5. Term and Amendment of Plan. This Plan was adopted by the Board on July 2, 2009 (the “Effective Date”). The Plan shall expire 10 years after the Effective Date. The Board may terminate or amend the Plan in any respect at any time. Except as provided in Section 4(a), in no event may any action of the Board with respect to the Plan adversely alter or impair the rights of a Stock Award recipient, without his or her consent, under any Stock Award previously made.

6. Governmental Regulation. The Company’s obligation to deliver shares of the Common Stock under the Plan is subject to the approval of any governmental authority required in connection with the authorization, issuance or sale of such shares.

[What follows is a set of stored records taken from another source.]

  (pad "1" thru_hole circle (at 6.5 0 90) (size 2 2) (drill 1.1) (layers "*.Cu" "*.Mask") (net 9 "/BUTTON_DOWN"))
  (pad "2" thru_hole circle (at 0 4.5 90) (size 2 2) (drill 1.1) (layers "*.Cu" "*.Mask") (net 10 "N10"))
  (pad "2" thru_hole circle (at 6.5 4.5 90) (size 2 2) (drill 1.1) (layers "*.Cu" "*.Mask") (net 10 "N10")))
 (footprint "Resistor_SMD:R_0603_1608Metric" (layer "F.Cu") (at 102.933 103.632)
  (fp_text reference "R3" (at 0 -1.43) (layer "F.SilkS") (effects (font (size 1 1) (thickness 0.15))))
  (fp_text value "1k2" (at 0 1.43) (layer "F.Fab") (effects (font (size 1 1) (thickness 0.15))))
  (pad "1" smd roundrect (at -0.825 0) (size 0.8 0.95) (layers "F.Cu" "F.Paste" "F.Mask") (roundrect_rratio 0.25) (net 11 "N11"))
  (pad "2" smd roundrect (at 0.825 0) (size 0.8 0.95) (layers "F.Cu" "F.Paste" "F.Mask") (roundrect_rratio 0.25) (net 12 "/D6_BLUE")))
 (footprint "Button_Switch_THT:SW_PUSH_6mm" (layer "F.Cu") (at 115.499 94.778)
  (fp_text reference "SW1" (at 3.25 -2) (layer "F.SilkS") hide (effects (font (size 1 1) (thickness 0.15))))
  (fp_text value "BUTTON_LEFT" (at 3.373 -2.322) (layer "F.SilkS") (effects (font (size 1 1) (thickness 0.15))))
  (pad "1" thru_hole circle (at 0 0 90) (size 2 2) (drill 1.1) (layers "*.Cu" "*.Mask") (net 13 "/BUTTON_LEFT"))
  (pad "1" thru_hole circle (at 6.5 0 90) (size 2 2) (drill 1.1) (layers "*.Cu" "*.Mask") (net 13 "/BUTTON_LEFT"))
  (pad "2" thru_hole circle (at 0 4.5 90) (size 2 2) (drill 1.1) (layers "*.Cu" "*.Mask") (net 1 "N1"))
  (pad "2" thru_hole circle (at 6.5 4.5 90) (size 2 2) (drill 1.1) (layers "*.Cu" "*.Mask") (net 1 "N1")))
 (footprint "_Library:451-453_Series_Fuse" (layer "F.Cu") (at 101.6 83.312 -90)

7. Withholding of Additional Income Taxes.

(a) Upon the grant of a Stock Award for less than the fair market value of the Common Stock, the Company, in accordance with Section 3402(a) of the Code and any applicable state statute or regulation, may require the recipient to pay to the Company additional withholding taxes in respect of the amount that is considered compensation includable in such person’s gross income. With respect to the grant of a Stock Award for less than the fair market value of the Common Stock, the Committee in its discretion may condition such event on the payment by the recipient of any such additional withholding taxes.

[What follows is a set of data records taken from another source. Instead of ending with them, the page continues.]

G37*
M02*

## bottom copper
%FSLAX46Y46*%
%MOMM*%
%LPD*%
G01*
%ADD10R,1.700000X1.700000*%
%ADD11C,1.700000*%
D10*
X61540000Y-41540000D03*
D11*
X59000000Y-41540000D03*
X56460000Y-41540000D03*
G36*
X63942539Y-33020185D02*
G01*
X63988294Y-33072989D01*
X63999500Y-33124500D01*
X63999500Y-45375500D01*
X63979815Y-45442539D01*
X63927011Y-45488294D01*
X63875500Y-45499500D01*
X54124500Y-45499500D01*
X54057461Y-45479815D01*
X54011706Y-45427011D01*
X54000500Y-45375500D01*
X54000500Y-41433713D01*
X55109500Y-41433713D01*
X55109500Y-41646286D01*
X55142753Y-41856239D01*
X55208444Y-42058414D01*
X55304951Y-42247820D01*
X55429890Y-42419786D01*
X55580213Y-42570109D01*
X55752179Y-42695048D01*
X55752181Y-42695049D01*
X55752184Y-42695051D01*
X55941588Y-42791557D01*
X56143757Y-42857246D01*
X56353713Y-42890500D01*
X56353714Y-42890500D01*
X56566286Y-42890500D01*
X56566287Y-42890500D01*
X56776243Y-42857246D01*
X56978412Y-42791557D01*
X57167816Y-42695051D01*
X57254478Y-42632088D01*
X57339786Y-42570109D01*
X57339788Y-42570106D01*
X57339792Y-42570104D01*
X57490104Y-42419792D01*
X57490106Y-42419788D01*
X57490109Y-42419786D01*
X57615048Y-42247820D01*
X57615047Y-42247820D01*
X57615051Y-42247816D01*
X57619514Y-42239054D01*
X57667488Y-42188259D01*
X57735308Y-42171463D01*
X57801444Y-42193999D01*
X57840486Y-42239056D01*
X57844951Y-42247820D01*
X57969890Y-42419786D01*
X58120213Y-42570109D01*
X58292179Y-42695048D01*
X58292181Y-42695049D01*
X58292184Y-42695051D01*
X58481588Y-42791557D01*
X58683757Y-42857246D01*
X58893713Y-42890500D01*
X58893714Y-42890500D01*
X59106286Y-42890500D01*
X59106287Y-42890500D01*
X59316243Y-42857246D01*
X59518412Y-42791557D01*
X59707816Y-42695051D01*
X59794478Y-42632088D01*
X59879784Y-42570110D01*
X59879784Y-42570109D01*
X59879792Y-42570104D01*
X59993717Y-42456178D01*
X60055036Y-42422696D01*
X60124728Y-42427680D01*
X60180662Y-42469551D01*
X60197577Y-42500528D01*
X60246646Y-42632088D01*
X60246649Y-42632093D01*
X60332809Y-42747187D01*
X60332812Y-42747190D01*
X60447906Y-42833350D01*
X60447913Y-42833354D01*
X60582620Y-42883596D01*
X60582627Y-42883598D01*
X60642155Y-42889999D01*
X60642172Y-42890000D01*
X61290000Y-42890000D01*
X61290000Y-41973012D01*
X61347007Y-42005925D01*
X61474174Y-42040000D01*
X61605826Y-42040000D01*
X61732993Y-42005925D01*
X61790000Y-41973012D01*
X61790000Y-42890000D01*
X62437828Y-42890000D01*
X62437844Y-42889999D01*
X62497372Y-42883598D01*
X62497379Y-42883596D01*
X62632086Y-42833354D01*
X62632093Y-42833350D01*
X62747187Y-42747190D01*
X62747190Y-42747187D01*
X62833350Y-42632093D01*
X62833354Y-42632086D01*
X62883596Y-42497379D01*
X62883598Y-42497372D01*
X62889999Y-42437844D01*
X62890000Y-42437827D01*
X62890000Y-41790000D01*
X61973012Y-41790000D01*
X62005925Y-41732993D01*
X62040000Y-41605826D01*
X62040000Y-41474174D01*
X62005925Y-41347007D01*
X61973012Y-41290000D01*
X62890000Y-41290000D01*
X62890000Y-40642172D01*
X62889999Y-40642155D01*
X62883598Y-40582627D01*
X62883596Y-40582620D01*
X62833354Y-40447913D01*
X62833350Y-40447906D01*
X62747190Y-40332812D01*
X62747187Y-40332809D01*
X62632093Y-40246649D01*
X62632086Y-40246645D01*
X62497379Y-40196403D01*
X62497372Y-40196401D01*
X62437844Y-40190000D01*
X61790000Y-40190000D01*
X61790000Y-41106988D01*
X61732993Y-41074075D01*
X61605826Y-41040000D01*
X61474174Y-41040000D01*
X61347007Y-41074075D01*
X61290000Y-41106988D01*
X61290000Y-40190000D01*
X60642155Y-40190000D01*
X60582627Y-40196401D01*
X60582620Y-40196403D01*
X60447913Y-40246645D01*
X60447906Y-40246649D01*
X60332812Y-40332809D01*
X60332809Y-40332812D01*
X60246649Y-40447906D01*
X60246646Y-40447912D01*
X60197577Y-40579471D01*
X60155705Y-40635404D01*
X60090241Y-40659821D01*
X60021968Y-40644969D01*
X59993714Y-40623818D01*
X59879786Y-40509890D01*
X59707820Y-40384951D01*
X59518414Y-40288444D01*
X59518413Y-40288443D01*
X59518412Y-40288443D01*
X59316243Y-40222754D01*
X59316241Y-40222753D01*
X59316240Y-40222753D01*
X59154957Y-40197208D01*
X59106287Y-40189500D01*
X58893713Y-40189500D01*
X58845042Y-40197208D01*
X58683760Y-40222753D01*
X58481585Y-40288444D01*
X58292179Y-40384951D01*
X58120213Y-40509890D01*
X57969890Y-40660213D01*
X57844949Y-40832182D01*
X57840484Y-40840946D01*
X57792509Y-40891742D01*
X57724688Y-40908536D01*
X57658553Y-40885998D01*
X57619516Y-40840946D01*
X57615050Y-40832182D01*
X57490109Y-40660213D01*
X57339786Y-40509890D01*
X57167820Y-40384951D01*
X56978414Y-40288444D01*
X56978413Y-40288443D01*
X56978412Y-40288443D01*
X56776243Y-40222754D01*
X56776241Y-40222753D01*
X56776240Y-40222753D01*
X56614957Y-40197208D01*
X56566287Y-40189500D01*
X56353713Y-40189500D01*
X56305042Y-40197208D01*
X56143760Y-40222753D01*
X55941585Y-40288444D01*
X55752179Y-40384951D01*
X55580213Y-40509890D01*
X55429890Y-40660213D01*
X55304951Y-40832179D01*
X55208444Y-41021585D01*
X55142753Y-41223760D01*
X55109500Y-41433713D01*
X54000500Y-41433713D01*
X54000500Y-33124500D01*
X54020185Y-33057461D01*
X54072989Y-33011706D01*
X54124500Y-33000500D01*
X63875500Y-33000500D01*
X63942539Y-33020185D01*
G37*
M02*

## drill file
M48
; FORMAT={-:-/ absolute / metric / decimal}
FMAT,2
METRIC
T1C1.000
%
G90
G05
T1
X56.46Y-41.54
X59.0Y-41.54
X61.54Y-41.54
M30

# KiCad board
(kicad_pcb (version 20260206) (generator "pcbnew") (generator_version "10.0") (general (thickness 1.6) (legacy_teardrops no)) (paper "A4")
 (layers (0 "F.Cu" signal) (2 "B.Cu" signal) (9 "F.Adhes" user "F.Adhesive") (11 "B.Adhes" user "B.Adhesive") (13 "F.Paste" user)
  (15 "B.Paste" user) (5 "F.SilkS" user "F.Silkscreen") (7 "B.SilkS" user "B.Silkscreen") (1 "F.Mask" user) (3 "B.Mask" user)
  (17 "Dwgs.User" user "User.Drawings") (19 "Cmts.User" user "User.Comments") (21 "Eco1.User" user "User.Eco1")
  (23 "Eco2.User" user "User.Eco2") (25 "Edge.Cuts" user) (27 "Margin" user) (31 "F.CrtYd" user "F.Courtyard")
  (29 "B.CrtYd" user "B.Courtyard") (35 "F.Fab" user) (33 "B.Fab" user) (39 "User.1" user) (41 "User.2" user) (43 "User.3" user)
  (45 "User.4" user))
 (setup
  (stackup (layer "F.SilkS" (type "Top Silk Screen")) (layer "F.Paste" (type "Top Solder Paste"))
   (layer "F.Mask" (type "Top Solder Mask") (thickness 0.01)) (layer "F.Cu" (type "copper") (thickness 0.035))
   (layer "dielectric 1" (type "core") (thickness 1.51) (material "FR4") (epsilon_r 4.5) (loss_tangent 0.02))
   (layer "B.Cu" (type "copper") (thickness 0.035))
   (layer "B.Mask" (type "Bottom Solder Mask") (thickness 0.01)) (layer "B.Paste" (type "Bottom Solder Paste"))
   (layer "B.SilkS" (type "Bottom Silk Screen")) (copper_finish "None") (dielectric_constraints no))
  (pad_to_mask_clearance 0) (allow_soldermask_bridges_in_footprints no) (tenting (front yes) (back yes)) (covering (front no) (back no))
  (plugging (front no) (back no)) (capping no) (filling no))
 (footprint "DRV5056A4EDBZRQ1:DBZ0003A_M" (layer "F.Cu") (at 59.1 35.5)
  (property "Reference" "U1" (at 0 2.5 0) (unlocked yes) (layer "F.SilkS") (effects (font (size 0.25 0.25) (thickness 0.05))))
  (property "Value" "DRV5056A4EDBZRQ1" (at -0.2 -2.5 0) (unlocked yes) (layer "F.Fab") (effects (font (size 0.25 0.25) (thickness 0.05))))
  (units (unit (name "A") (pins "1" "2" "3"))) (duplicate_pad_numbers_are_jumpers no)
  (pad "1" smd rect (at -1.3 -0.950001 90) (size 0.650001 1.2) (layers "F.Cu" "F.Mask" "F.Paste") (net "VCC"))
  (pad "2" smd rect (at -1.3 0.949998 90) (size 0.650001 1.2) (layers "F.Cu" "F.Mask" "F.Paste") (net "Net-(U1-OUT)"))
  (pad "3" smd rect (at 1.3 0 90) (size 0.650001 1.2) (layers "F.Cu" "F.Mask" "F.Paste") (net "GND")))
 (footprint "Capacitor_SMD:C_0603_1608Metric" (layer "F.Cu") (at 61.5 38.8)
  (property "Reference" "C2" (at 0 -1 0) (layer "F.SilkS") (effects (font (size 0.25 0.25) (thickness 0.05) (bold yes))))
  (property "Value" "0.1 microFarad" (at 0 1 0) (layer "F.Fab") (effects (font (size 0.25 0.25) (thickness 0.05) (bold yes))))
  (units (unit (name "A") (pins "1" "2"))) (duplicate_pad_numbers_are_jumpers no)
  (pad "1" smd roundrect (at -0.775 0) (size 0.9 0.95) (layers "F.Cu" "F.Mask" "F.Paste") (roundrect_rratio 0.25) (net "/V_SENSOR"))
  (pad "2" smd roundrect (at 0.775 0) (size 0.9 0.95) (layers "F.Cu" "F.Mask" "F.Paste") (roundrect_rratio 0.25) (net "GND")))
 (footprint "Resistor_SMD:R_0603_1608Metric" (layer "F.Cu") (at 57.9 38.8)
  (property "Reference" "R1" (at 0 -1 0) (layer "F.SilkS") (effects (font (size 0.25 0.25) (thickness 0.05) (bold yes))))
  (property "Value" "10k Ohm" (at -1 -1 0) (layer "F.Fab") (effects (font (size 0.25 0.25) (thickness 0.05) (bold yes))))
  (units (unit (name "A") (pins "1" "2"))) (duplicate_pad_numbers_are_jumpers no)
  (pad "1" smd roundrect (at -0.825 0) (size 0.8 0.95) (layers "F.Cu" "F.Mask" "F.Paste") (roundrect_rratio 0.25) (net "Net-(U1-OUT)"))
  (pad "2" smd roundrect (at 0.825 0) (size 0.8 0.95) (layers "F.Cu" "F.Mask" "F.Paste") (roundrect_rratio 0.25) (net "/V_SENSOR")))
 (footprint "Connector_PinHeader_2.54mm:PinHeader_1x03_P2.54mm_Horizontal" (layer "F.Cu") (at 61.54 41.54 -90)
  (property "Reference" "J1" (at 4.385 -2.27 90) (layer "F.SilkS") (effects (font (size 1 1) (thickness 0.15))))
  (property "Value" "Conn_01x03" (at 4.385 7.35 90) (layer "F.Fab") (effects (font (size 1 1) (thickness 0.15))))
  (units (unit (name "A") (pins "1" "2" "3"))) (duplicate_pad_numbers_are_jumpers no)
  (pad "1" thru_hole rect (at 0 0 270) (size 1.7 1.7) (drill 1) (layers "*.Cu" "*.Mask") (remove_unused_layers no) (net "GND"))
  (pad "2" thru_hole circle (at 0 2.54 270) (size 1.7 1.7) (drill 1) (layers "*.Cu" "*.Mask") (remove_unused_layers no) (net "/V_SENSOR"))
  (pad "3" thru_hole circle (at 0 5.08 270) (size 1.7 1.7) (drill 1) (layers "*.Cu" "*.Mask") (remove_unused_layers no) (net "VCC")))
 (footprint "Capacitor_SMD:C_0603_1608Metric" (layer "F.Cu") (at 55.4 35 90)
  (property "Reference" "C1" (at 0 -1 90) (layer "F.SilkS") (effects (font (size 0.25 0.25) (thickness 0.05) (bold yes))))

(b) At the sole and absolute discretion of the Committee, the recipient of a Stock Award may pay all or any part of the total estimated federal and state income tax liability arising out of the receipt of such Stock Award (a “Tax Event”) by tendering already-owned shares of Common Stock or by directing the Company to withhold shares of Common Stock otherwise to be transferred to the recipient of such Stock Award as a result of the receipt thereof

 

2


in an amount equal to the estimated federal and state income tax liability arising out of such event, provided that no more shares may be withheld than are necessary to satisfy the recipient’s actual minimum withholding obligation with respect to the Stock Award. In such event, the recipient must, however, notify the Committee of his or her desire to pay all or any part of the total estimated federal and state income tax liability arising out of a Tax Event by tendering already-owned shares of Common Stock or having shares of Common Stock withheld prior to the date that the amount of federal or state income tax to be withheld is to be determined. For purposes of this Section 7(b), shares of Common Stock shall be valued at their fair market value on the date that the amount of the tax withholding is to be determined.

8. Choice of Law. The law of the State of Delaware shall govern all questions concerning the construction, validity and interpretation of this Plan, without regard to that state’s conflict of laws rules.